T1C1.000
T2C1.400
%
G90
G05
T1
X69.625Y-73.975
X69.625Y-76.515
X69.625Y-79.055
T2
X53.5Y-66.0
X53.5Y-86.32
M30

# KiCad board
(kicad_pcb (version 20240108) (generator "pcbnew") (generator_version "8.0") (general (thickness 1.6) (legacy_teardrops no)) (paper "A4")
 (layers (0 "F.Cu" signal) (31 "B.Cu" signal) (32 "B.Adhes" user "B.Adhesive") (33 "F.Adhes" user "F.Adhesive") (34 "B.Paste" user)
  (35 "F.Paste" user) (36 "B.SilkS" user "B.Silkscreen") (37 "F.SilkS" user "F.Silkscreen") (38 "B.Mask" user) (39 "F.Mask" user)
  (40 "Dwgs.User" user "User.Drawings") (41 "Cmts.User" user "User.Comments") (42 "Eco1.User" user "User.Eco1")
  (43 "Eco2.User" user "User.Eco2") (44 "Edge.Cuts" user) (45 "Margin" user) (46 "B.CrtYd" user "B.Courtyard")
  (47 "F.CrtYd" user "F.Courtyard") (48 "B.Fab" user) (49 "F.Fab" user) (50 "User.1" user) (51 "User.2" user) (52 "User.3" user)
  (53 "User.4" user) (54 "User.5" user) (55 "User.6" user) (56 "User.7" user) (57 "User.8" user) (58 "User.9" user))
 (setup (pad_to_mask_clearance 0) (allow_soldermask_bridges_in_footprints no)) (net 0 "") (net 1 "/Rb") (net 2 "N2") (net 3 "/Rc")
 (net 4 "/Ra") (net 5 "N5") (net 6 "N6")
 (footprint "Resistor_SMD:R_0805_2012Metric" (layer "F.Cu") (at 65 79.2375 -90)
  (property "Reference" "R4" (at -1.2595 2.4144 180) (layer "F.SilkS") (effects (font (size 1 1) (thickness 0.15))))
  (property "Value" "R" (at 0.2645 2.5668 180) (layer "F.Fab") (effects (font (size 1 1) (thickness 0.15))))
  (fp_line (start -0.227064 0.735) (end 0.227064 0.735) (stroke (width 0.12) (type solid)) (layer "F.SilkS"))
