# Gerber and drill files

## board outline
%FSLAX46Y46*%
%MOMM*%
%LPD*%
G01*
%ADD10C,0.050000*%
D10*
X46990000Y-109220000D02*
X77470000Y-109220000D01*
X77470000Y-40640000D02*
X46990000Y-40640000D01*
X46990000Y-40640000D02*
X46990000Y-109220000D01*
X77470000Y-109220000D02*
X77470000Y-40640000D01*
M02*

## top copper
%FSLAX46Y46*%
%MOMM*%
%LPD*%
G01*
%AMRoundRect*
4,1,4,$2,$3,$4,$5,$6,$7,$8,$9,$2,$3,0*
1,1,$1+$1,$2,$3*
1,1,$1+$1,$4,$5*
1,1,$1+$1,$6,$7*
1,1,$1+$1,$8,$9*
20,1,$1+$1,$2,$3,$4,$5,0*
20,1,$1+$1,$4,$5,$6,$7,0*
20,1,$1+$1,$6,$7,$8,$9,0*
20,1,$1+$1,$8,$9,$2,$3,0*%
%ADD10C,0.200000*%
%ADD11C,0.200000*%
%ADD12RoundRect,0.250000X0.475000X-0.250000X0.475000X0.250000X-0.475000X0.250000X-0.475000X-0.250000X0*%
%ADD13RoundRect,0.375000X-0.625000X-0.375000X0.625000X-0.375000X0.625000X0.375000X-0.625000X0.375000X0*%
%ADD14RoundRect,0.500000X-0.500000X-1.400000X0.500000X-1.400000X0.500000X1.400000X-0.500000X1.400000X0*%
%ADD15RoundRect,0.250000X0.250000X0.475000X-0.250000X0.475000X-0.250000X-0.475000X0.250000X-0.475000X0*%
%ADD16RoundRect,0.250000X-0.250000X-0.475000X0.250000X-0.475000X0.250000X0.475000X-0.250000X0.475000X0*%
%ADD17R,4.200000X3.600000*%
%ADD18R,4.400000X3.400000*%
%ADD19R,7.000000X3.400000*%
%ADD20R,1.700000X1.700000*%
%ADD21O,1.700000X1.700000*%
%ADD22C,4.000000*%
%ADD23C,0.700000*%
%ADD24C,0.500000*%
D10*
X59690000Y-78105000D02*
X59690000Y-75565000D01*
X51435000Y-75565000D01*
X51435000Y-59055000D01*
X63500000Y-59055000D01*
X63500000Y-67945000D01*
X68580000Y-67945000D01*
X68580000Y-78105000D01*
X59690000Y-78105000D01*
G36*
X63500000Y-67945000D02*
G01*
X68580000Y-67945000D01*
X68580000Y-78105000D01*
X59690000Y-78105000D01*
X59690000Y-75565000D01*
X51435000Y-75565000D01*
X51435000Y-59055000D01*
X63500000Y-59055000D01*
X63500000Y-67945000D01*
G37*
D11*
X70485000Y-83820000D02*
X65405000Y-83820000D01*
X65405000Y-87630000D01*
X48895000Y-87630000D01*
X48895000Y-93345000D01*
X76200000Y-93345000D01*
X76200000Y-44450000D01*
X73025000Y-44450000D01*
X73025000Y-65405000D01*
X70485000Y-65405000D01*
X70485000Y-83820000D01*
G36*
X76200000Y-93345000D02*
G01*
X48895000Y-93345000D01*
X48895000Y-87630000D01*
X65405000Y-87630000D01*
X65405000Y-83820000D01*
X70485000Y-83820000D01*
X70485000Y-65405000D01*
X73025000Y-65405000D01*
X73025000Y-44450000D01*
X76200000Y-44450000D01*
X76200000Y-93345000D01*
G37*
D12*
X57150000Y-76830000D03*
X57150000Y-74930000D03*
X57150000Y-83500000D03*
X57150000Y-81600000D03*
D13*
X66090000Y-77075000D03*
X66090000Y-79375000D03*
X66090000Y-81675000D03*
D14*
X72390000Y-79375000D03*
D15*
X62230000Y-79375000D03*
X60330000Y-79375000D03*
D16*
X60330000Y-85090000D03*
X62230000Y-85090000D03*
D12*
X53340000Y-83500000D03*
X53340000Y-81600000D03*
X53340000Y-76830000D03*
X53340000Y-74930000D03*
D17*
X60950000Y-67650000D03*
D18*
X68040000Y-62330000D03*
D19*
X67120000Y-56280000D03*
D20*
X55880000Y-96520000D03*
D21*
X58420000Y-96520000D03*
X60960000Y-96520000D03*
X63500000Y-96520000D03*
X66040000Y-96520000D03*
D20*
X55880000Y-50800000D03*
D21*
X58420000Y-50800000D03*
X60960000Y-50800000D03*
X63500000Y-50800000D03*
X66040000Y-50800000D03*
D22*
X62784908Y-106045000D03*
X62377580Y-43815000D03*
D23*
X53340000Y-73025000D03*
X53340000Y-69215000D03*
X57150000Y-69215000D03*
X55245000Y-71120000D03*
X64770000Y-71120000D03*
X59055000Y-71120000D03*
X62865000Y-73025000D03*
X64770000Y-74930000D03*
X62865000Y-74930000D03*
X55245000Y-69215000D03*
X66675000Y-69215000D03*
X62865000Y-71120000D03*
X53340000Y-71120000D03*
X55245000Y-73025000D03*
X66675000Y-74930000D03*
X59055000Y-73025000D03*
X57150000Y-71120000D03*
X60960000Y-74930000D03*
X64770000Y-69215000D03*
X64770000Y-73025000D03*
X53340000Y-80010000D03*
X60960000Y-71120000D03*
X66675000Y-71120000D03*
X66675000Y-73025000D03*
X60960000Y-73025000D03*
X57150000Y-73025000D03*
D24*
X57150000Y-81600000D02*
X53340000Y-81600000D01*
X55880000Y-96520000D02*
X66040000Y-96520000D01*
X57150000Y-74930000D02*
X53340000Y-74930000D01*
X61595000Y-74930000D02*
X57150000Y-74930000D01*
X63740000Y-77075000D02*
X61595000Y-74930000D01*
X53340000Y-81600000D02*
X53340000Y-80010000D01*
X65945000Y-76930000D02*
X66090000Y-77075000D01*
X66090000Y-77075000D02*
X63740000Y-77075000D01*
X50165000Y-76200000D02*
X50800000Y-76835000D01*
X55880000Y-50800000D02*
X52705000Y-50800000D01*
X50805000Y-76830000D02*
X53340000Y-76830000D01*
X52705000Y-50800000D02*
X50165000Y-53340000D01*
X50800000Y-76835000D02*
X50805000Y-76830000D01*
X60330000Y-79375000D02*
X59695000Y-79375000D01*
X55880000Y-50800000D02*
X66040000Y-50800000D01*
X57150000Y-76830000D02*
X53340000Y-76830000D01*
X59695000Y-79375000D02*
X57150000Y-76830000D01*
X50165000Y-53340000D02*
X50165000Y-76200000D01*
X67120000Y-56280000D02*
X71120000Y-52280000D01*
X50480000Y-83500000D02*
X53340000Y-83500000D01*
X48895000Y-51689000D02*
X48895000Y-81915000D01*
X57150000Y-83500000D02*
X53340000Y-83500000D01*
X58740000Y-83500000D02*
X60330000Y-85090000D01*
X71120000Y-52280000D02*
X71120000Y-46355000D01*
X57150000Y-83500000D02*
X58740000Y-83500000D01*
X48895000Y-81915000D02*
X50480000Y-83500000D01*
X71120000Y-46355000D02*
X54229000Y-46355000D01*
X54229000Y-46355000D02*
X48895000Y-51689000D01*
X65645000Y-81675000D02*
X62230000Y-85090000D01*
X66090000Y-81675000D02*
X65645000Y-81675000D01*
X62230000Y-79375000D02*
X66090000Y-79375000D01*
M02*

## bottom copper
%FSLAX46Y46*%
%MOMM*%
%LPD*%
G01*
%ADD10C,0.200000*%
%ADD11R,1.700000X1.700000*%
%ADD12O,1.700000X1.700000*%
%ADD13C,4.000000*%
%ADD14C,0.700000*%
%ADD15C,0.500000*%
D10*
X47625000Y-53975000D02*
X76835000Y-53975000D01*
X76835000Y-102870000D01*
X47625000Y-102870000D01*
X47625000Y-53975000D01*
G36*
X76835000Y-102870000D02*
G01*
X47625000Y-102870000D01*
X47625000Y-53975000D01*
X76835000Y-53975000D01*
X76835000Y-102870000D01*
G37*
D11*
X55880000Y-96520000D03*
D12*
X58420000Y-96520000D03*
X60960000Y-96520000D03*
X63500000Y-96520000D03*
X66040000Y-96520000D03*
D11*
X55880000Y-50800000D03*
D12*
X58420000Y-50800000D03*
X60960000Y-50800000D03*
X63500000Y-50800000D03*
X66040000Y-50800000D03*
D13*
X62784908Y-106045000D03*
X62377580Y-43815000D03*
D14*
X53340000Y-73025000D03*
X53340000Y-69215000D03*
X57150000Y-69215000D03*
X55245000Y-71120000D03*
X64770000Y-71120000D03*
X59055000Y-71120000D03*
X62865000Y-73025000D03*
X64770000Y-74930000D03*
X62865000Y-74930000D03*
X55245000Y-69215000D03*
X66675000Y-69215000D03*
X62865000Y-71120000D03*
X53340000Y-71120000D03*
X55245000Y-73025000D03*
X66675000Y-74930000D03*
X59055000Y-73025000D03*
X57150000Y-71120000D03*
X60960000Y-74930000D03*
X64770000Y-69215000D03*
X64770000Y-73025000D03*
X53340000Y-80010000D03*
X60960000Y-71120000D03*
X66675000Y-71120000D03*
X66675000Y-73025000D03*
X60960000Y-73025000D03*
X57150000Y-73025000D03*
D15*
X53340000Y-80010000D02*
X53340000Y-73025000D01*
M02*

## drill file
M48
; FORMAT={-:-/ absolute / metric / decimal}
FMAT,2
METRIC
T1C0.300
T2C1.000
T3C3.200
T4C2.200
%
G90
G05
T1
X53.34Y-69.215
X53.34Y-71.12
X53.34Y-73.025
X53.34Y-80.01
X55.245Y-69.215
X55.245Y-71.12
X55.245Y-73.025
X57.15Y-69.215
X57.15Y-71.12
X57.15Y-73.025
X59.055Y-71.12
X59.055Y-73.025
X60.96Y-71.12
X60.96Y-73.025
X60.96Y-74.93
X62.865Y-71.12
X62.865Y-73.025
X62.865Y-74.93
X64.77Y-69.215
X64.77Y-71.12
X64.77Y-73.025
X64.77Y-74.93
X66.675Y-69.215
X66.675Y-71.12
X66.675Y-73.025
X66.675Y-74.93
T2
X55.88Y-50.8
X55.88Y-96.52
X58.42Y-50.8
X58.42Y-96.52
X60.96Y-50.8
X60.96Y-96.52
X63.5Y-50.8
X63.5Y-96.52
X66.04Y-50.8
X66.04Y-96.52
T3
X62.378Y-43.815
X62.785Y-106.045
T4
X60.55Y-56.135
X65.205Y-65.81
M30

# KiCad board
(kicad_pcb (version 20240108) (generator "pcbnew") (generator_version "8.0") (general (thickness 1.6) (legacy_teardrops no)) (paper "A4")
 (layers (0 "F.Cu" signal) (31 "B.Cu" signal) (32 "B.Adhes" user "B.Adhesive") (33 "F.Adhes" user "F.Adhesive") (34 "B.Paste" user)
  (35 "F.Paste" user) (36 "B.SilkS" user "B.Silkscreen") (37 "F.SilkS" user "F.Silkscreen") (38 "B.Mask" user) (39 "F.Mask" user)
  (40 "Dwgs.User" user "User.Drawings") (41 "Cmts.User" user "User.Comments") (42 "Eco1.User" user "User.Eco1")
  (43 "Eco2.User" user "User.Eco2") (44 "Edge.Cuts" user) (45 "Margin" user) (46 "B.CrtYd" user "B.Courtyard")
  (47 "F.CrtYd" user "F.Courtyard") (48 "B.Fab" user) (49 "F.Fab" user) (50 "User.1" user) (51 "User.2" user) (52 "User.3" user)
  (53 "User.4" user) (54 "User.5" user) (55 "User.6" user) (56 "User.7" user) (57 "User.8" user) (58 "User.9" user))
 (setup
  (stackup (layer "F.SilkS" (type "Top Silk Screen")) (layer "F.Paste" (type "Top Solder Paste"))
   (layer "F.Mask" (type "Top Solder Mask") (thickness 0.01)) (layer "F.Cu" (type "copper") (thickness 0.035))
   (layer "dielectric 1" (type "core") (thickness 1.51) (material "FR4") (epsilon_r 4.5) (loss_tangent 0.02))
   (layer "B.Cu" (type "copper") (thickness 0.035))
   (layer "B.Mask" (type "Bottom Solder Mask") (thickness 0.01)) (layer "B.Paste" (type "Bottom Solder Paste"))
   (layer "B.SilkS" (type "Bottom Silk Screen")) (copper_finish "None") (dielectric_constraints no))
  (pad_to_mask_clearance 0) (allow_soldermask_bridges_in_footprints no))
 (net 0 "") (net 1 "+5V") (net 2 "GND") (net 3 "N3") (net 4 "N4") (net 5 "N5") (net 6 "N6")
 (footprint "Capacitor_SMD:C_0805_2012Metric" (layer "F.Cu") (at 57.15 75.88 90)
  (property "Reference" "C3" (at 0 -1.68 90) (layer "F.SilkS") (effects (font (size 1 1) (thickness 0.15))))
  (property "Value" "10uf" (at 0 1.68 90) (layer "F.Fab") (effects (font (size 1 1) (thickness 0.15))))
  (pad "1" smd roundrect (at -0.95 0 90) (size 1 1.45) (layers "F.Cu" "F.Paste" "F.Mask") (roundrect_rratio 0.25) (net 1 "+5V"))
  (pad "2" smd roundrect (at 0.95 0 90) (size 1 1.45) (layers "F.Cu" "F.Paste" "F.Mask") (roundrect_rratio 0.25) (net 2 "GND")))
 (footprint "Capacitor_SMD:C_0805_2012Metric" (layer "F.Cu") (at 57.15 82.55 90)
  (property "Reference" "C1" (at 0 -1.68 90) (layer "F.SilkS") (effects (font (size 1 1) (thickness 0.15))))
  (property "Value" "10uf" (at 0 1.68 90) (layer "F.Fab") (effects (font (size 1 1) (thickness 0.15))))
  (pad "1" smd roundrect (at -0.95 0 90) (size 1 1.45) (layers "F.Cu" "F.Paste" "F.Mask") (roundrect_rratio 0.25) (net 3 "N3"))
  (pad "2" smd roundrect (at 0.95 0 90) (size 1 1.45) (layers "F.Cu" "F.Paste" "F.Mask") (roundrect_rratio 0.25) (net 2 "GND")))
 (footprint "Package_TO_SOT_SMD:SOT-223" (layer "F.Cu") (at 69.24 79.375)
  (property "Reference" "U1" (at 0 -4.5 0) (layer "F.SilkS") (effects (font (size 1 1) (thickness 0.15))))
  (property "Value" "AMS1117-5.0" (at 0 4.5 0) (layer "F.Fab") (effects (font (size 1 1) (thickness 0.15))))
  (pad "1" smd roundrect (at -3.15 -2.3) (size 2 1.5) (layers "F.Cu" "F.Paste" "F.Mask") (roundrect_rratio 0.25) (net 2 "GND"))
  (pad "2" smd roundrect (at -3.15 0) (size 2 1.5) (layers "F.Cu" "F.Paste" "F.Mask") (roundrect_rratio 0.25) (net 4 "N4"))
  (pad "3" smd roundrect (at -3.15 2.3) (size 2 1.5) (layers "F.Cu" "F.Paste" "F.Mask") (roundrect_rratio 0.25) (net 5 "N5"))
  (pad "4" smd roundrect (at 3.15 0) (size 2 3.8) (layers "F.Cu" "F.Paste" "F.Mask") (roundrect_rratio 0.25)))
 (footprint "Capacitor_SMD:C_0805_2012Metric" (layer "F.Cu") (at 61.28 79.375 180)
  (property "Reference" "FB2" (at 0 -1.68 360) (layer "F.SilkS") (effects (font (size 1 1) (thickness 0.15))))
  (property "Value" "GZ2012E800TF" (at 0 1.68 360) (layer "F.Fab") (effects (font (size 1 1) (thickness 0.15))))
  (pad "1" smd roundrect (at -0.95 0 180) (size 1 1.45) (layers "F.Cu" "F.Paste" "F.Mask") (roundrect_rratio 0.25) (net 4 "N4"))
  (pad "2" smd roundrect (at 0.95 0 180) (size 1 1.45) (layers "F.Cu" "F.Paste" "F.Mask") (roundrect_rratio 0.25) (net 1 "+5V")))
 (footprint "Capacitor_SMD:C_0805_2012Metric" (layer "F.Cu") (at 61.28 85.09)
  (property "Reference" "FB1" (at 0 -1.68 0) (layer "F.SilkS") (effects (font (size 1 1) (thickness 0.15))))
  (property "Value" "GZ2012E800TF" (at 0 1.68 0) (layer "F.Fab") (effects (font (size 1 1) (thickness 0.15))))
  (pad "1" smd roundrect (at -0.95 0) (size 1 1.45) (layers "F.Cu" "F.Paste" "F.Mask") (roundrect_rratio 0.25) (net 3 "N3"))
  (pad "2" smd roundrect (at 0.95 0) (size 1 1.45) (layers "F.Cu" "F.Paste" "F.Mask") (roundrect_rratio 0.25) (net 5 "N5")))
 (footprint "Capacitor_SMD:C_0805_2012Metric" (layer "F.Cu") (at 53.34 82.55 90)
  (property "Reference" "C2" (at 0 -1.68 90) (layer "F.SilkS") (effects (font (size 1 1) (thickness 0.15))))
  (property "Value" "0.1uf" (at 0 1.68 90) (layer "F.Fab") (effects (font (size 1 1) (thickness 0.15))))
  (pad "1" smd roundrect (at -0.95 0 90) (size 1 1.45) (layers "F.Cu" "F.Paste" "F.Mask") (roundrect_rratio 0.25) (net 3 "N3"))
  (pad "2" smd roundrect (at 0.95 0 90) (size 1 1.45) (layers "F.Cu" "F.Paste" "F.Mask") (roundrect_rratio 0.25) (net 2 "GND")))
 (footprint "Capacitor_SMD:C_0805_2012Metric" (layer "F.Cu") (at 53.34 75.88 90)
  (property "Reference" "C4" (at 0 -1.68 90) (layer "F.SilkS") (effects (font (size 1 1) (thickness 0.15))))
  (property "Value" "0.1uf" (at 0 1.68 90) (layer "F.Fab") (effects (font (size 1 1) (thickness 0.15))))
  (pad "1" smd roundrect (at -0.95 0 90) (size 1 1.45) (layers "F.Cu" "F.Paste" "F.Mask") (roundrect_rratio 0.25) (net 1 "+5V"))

- [WHAT IS NEEDED] Write down, word for word, the lines above from the one containing "X58740000Y-83500000D01*" through the one containing "X65645000Y-81675000D01*", both ends included.

- [WRITTEN REPLY]
X58740000Y-83500000D01*
X48895000Y-81915000D02*
X50480000Y-83500000D01*
X71120000Y-46355000D02*
X54229000Y-46355000D01*
X54229000Y-46355000D02*
X48895000Y-51689000D01*
X65645000Y-81675000D02*
X62230000Y-85090000D01*
X66090000Y-81675000D02*
X65645000Y-81675000D01*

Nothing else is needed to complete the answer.